An automated code‑generation pipeline spins up a large‑language‑model‑driven agent that writes SQL and runs it against the company’s data warehouse. Because the agent operates without a human user, giving it a non-human identity is essential. The agent authenticates with a static Google service‑account key that is checked into the CI repository. Every night the job executes dozens of queries, some of which pull personally identifiable information for model fine‑tuning. Because the shared key is used by every build, there is no way to attribute a specific query to a particular run, and no audit trail exists to prove whether the data was accessed appropriately. The shared key also grants unrestricted read‑write access across all datasets, making it easy for a mis‑behaving model to exfiltrate or corrupt data without any gatekeeper.
This situation illustrates the core challenge of providing non-human identity for AI coding agents. The goal is to replace a monolithic service account with an identity that can be scoped, audited, and revoked per execution. Doing so limits blast radius, satisfies compliance expectations around who touched data, and makes it possible to enforce policies such as masking of sensitive columns. However, simply issuing a per‑user OAuth token does not solve the full problem. The token still travels directly to BigQuery, bypassing any visibility or control layer. Without a gateway, the system lacks real‑time command blocking, session recording, or inline data masking. In short, the request reaches the target, but the organization still has no guardrails, no justification for each query, and no way to stop a rogue agent in flight.
Why non-human identity matters for AI coding agents
AI agents are non‑human by definition, but they still need an identity that behaves like a human user in the access‑control system. This identity must be:
- Issued on demand, so that each pipeline run gets a fresh token that can be revoked after the job finishes.
- Bound to a policy that limits which datasets and tables the agent may query.
- Auditable, providing a record that ties every query back to the specific pipeline execution.
- Capable of being inspected, so that sensitive fields can be masked before they leave the warehouse.
When these requirements are met, the organization can treat AI‑generated workloads with the same confidence it gives to human engineers. The identity becomes a first‑class citizen in the IAM system, and the downstream data platform sees only the permissions that the policy grants.

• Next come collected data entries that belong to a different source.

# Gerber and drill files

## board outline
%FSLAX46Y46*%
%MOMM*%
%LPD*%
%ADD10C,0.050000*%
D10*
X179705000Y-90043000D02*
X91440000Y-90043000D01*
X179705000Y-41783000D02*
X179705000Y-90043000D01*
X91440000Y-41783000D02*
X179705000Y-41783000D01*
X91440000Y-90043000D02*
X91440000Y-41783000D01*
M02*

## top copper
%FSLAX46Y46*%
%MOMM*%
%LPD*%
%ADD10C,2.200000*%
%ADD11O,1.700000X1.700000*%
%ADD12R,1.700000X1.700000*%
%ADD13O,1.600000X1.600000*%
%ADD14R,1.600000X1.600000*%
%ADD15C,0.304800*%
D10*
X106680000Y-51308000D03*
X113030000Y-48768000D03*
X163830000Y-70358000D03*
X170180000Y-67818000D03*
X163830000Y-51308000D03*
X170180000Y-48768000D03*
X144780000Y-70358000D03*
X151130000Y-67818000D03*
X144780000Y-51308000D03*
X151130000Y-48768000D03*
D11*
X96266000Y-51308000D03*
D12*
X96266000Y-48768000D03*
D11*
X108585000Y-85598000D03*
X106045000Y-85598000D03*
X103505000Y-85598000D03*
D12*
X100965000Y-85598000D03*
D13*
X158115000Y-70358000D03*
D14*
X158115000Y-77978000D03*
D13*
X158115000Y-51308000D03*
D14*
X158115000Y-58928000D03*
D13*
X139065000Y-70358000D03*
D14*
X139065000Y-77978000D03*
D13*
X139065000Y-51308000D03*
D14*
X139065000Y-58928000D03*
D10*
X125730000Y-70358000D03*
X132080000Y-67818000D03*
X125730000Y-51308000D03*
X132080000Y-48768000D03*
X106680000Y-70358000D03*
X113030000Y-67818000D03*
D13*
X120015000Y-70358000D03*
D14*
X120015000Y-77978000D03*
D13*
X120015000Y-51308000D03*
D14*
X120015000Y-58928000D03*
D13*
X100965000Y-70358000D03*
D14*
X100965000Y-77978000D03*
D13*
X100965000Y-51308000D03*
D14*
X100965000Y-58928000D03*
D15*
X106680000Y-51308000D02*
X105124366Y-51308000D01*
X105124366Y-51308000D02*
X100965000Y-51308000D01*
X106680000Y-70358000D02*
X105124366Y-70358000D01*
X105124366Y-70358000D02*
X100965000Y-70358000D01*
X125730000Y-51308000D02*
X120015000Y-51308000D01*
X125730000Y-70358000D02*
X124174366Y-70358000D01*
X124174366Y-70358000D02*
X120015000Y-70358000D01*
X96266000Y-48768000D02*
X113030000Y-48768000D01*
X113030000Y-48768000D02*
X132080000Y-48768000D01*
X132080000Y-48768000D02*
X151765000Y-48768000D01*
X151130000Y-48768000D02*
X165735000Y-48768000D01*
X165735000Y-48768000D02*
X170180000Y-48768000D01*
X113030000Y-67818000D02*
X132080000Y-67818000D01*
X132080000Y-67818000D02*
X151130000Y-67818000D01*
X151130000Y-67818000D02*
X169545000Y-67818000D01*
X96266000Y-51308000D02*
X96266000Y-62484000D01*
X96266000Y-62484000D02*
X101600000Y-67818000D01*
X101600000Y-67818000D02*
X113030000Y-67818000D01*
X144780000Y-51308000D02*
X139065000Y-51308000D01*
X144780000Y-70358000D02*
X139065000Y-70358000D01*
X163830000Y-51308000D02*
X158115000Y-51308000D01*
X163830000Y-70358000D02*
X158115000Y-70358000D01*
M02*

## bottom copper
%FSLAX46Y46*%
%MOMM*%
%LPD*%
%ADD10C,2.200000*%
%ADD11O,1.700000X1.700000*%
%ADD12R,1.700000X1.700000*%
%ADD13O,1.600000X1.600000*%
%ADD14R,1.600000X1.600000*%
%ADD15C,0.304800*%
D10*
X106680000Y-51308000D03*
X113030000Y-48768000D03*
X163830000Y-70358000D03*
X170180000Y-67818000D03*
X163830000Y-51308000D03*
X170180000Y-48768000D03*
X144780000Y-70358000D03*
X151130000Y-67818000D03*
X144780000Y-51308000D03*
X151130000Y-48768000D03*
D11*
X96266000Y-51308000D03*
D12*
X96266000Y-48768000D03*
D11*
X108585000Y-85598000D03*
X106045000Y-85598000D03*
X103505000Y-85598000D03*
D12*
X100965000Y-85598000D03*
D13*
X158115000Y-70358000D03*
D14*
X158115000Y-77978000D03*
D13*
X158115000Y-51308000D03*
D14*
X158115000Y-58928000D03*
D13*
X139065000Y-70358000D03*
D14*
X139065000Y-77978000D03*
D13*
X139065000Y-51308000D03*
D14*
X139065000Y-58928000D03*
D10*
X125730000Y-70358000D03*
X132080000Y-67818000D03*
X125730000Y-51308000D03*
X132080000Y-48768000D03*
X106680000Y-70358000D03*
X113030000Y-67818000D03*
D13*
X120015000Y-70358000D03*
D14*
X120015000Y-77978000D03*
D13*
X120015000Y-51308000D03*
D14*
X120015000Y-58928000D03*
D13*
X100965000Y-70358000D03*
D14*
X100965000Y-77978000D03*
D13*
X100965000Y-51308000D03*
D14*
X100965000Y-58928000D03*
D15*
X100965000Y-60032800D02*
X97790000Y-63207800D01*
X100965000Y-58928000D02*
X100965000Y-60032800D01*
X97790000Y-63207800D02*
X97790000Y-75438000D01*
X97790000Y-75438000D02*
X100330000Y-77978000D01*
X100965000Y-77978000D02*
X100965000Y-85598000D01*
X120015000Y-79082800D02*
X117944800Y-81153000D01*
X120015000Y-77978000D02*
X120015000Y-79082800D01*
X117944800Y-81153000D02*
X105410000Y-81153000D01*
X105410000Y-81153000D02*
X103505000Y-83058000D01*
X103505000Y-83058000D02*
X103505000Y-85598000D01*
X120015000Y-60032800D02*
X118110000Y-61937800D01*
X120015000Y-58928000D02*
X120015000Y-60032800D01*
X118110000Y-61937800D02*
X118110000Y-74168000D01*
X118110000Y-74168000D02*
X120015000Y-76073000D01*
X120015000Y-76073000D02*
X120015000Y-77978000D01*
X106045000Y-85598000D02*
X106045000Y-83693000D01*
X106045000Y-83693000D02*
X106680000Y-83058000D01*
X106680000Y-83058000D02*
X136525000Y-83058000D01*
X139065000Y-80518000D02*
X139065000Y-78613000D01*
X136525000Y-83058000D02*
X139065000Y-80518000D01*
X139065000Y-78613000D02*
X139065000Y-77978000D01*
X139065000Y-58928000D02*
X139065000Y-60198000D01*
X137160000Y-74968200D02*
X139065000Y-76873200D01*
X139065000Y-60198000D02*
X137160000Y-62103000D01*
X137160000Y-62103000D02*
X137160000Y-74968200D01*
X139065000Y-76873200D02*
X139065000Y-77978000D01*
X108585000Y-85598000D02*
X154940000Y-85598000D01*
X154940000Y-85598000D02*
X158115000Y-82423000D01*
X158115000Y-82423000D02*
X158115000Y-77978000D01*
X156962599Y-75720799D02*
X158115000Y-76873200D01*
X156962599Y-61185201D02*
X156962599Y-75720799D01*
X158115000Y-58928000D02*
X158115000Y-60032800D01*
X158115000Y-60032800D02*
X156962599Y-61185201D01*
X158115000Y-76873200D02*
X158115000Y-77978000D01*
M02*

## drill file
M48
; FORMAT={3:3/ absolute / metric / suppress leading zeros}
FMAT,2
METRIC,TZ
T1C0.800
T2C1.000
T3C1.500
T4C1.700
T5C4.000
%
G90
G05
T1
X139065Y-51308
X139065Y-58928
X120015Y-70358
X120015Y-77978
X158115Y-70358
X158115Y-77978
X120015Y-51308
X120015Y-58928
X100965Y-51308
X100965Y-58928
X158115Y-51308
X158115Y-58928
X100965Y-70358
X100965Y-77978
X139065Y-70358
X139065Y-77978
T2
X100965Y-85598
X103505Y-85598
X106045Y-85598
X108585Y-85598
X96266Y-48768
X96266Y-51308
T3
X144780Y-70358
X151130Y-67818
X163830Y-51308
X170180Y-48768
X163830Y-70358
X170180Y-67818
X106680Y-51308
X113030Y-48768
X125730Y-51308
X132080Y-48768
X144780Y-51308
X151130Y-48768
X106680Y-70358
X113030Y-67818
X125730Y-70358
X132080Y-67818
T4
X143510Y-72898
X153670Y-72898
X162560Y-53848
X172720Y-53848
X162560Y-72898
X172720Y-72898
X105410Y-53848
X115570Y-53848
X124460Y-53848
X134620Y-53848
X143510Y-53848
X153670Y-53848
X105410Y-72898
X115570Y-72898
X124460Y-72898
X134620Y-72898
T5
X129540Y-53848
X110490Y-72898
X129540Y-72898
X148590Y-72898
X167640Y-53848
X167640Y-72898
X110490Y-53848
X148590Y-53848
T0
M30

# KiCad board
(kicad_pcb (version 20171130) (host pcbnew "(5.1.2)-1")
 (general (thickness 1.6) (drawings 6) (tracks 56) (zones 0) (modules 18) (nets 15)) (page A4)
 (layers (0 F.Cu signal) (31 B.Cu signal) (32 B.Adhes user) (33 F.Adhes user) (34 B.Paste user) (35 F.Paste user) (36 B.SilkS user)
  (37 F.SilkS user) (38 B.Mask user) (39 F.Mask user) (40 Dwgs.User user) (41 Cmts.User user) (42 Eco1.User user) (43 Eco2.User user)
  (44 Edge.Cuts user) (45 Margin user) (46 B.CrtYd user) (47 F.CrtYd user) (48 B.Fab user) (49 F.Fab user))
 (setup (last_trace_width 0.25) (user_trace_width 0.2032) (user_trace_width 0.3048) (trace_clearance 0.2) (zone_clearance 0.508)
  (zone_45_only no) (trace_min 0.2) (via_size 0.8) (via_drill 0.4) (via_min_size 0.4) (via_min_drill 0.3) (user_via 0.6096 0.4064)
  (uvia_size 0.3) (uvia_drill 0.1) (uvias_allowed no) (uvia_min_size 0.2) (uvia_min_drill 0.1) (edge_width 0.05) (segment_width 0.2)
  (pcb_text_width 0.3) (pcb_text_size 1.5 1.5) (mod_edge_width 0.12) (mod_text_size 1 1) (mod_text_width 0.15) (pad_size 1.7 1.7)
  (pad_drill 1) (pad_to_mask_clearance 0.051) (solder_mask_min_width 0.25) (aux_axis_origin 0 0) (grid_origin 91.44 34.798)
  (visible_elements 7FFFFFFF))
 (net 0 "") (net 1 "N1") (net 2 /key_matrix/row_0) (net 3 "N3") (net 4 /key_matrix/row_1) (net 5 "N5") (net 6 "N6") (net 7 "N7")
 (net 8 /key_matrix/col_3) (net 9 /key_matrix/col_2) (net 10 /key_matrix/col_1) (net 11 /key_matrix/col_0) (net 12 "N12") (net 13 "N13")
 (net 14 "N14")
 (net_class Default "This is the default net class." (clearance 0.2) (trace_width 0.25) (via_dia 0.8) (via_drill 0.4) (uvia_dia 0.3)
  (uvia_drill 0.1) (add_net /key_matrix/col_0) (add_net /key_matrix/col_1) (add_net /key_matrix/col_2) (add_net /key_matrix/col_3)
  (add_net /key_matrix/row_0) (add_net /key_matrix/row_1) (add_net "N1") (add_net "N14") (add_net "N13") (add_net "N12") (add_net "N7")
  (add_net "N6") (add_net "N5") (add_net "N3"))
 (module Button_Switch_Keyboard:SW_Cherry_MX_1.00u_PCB (layer F.Cu) (at 113.03 48.768)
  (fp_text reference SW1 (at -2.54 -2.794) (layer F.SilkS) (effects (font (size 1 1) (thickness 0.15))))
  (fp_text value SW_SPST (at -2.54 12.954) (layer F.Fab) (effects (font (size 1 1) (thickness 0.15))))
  (pad "" np_thru_hole circle (at 2.54 5.08) (size 1.7 1.7) (drill 1.7) (layers *.Cu *.Mask))
  (pad "" np_thru_hole circle (at -7.62 5.08) (size 1.7 1.7) (drill 1.7) (layers *.Cu *.Mask))
  (pad "" np_thru_hole circle (at -2.54 5.08) (size 4 4) (drill 4) (layers *.Cu *.Mask))
  (pad 2 thru_hole circle (at -6.35 2.54) (size 2.2 2.2) (drill 1.5) (layers *.Cu *.Mask) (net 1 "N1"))
  (pad 1 thru_hole circle (at 0 0) (size 2.2 2.2) (drill 1.5) (layers *.Cu *.Mask) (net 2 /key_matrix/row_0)))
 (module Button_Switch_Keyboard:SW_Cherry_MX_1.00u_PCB (layer F.Cu) (at 170.18 67.818)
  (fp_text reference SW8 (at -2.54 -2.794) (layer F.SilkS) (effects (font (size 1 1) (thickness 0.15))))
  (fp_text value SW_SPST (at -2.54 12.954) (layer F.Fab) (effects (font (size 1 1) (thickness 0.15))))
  (pad "" np_thru_hole circle (at 2.54 5.08) (size 1.7 1.7) (drill 1.7) (layers *.Cu *.Mask))
  (pad "" np_thru_hole circle (at -7.62 5.08) (size 1.7 1.7) (drill 1.7) (layers *.Cu *.Mask))
  (pad "" np_thru_hole circle (at -2.54 5.08) (size 4 4) (drill 4) (layers *.Cu *.Mask))
  (pad 2 thru_hole circle (at -6.35 2.54) (size 2.2 2.2) (drill 1.5) (layers *.Cu *.Mask) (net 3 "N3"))
  (pad 1 thru_hole circle (at 0 0) (size 2.2 2.2) (drill 1.5) (layers *.Cu *.Mask) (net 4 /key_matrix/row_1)))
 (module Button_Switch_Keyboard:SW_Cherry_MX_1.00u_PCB (layer F.Cu) (at 170.18 48.768)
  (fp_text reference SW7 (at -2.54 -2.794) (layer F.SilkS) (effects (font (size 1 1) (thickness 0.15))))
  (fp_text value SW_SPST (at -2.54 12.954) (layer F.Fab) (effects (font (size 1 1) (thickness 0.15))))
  (pad "" np_thru_hole circle (at 2.54 5.08) (size 1.7 1.7) (drill 1.7) (layers *.Cu *.Mask))
  (pad "" np_thru_hole circle (at -7.62 5.08) (size 1.7 1.7) (drill 1.7) (layers *.Cu *.Mask))
  (pad "" np_thru_hole circle (at -2.54 5.08) (size 4 4) (drill 4) (layers *.Cu *.Mask))
  (pad 2 thru_hole circle (at -6.35 2.54) (size 2.2 2.2) (drill 1.5) (layers *.Cu *.Mask) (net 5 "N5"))
  (pad 1 thru_hole circle (at 0 0) (size 2.2 2.2) (drill 1.5) (layers *.Cu *.Mask) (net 2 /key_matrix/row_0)))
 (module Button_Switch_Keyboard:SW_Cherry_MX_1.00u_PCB (layer F.Cu) (at 151.13 67.818)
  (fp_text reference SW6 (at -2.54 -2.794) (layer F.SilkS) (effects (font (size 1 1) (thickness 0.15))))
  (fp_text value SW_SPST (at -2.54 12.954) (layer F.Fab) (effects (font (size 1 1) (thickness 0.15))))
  (pad "" np_thru_hole circle (at 2.54 5.08) (size 1.7 1.7) (drill 1.7) (layers *.Cu *.Mask))
  (pad "" np_thru_hole circle (at -7.62 5.08) (size 1.7 1.7) (drill 1.7) (layers *.Cu *.Mask))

How hoop.dev enforces non-human identity for BigQuery
hoop.dev acts as a Layer 7 gateway that sits between the AI agent and BigQuery. The gateway receives the OAuth token that the agent obtains via GCP IAM federation, validates it, and then forwards the request to the BigQuery service using its own short‑lived credential. Because the gateway is the only component that can speak to BigQuery, it becomes the exclusive point where enforcement can occur.
hoop.dev records each query, capturing the user‑provided token, the SQL statement, and the execution timestamp. This session log is stored outside the agent’s process, ensuring that the audit trail cannot be tampered with by the agent itself. The gateway also applies inline masking rules to any column marked as sensitive, so that even if the agent tries to retrieve raw personally identifiable information, the response is scrubbed before it reaches the agent.